Start of Data listing

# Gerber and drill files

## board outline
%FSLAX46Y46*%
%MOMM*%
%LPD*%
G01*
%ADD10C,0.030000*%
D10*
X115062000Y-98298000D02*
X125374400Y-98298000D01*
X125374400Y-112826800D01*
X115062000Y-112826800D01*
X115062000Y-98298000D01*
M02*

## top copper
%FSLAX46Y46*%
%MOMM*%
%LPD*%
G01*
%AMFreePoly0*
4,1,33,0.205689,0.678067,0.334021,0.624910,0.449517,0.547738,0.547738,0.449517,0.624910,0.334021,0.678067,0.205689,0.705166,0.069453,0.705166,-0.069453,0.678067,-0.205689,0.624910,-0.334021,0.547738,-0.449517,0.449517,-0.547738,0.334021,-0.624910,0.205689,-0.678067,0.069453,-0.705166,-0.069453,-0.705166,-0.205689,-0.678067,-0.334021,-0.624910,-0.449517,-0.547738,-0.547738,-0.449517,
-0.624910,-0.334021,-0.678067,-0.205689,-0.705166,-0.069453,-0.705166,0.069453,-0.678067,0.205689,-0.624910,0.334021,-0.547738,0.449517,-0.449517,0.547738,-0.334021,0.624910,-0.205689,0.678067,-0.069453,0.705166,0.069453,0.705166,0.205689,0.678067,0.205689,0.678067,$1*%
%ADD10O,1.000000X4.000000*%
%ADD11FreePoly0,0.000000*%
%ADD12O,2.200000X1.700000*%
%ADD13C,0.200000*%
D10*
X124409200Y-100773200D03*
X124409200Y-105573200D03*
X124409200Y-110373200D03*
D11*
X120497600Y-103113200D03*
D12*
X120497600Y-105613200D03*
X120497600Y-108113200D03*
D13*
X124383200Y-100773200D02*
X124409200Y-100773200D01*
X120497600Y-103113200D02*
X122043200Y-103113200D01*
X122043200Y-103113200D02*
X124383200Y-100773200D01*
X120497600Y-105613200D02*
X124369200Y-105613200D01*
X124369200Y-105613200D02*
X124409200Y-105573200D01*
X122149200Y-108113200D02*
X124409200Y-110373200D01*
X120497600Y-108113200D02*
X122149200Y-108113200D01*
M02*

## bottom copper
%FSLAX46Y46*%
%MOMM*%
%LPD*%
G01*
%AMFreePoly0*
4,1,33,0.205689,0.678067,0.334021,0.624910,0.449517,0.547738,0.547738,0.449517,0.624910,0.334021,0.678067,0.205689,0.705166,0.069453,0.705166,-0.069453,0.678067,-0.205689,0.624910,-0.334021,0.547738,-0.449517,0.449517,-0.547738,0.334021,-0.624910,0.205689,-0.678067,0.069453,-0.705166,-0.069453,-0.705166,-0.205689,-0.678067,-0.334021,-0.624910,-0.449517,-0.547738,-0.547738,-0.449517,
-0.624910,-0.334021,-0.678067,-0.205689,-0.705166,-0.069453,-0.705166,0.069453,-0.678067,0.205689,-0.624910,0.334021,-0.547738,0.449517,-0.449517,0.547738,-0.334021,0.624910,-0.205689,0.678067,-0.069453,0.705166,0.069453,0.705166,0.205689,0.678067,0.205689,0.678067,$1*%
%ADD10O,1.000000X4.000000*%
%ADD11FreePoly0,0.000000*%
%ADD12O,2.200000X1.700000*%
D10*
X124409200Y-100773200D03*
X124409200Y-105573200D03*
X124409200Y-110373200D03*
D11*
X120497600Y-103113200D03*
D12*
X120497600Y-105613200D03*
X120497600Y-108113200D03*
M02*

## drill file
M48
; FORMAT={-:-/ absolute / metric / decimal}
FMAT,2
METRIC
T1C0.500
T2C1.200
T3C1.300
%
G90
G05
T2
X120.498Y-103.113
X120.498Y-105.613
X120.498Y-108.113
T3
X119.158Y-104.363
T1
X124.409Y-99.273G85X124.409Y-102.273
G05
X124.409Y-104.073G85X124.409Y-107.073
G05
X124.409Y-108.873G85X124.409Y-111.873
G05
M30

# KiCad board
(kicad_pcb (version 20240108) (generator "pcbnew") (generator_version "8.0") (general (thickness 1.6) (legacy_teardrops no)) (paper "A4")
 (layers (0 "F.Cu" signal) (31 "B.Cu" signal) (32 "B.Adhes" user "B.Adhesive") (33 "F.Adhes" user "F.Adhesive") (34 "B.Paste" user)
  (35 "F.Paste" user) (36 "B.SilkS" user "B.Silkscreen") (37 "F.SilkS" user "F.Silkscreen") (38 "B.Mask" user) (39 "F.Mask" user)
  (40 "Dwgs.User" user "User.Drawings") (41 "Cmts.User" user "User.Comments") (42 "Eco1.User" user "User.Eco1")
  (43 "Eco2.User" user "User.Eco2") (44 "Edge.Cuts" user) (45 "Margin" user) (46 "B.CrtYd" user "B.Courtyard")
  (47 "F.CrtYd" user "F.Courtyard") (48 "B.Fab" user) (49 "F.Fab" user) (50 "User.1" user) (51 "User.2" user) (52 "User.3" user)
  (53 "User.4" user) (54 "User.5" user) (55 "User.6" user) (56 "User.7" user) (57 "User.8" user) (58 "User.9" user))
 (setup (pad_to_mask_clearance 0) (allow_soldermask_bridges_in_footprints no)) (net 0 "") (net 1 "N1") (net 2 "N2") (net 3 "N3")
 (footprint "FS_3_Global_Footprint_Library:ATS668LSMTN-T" (layer "F.Cu") (at 124.4092 105.5732 -90)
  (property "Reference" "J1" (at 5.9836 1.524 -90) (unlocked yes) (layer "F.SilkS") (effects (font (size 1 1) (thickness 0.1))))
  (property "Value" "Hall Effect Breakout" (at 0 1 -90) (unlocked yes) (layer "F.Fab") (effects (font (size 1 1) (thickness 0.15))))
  (pad "1" thru_hole oval (at -4.8 0 270) (size 4 1) (drill oval 3.5 0.5) (layers "*.Cu" "*.Mask") (remove_unused_layers no) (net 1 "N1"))
  (pad "2" thru_hole oval (at 0 0 270) (size 4 1) (drill oval 3.5 0.5) (layers "*.Cu" "*.Mask") (remove_unused_layers no) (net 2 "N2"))
  (pad "3" thru_hole oval (at 4.8 0 270) (size 4 1) (drill oval 3.5 0.5) (layers "*.Cu" "*.Mask") (remove_unused_layers no) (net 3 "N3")))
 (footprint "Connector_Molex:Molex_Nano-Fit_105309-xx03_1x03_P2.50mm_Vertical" (layer "F.Cu") (at 120.4976 103.1132)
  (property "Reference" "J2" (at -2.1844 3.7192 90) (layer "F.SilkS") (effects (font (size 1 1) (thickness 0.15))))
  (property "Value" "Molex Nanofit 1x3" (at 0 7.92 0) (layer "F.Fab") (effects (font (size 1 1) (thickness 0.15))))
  (pad "" np_thru_hole circle (at -1.34 1.25) (size 1.3 1.3) (drill 1.3) (layers "*.Cu" "*.Mask"))
  (pad "1" thru_hole custom (at 0 0) (size 1.417157 1.417157) (drill 1.2) (layers "*.Cu" "*.Mask") (remove_unused_layers no) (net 1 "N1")
   (thermal_bridge_angle 90) (options (clearance outline) (anchor circle)) (primitives))
  (pad "2" thru_hole oval (at 0 2.5) (size 2.2 1.7) (drill 1.2) (layers "*.Cu" "*.Mask") (remove_unused_layers no) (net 2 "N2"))
  (pad "3" thru_hole oval (at 0 5) (size 2.2 1.7) (drill 1.2) (layers "*.Cu" "*.Mask") (remove_unused_layers no) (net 3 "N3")))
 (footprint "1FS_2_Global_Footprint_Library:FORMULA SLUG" (layer "F.Cu") (at 120.20498 100.490144)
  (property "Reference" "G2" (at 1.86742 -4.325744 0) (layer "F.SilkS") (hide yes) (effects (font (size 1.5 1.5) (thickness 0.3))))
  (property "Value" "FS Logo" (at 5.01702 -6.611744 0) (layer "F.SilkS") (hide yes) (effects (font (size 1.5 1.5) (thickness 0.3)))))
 (gr_rect (start 115.062 98.298) (end 125.3744 112.8268) (stroke (width 0.03) (type default)) (fill none) (layer "Edge.Cuts"))
 (segment (start 124.3832 100.7732) (end 124.4092 100.7732) (width 0.2) (layer "F.Cu") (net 1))
 (segment (start 120.4976 103.1132) (end 122.0432 103.1132) (width 0.2) (layer "F.Cu") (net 1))
 (segment (start 122.0432 103.1132) (end 124.3832 100.7732) (width 0.2) (layer "F.Cu") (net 1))
 (segment (start 120.4976 105.6132) (end 124.3692 105.6132) (width 0.2) (layer "F.Cu") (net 2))
 (segment (start 124.3692 105.6132) (end 124.4092 105.5732) (width 0.2) (layer "F.Cu") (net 2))
 (segment (start 122.1492 108.1132) (end 124.4092 110.3732) (width 0.2) (layer "F.Cu") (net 3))
 (segment (start 120.4976 108.1132) (end 122.1492 108.1132) (width 0.2) (layer "F.Cu") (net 3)))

End of Data listing

* What is required: Gather all lines from the records above in which "Courtyard" appears.

* Task output:
  (43 "Eco2.User" user "User.Eco2") (44 "Edge.Cuts" user) (45 "Margin" user) (46 "B.CrtYd" user "B.Courtyard")
  (47 "F.CrtYd" user "F.Courtyard") (48 "B.Fab" user) (49 "F.Fab" user) (50 "User.1" user) (51 "User.2" user) (52 "User.3" user)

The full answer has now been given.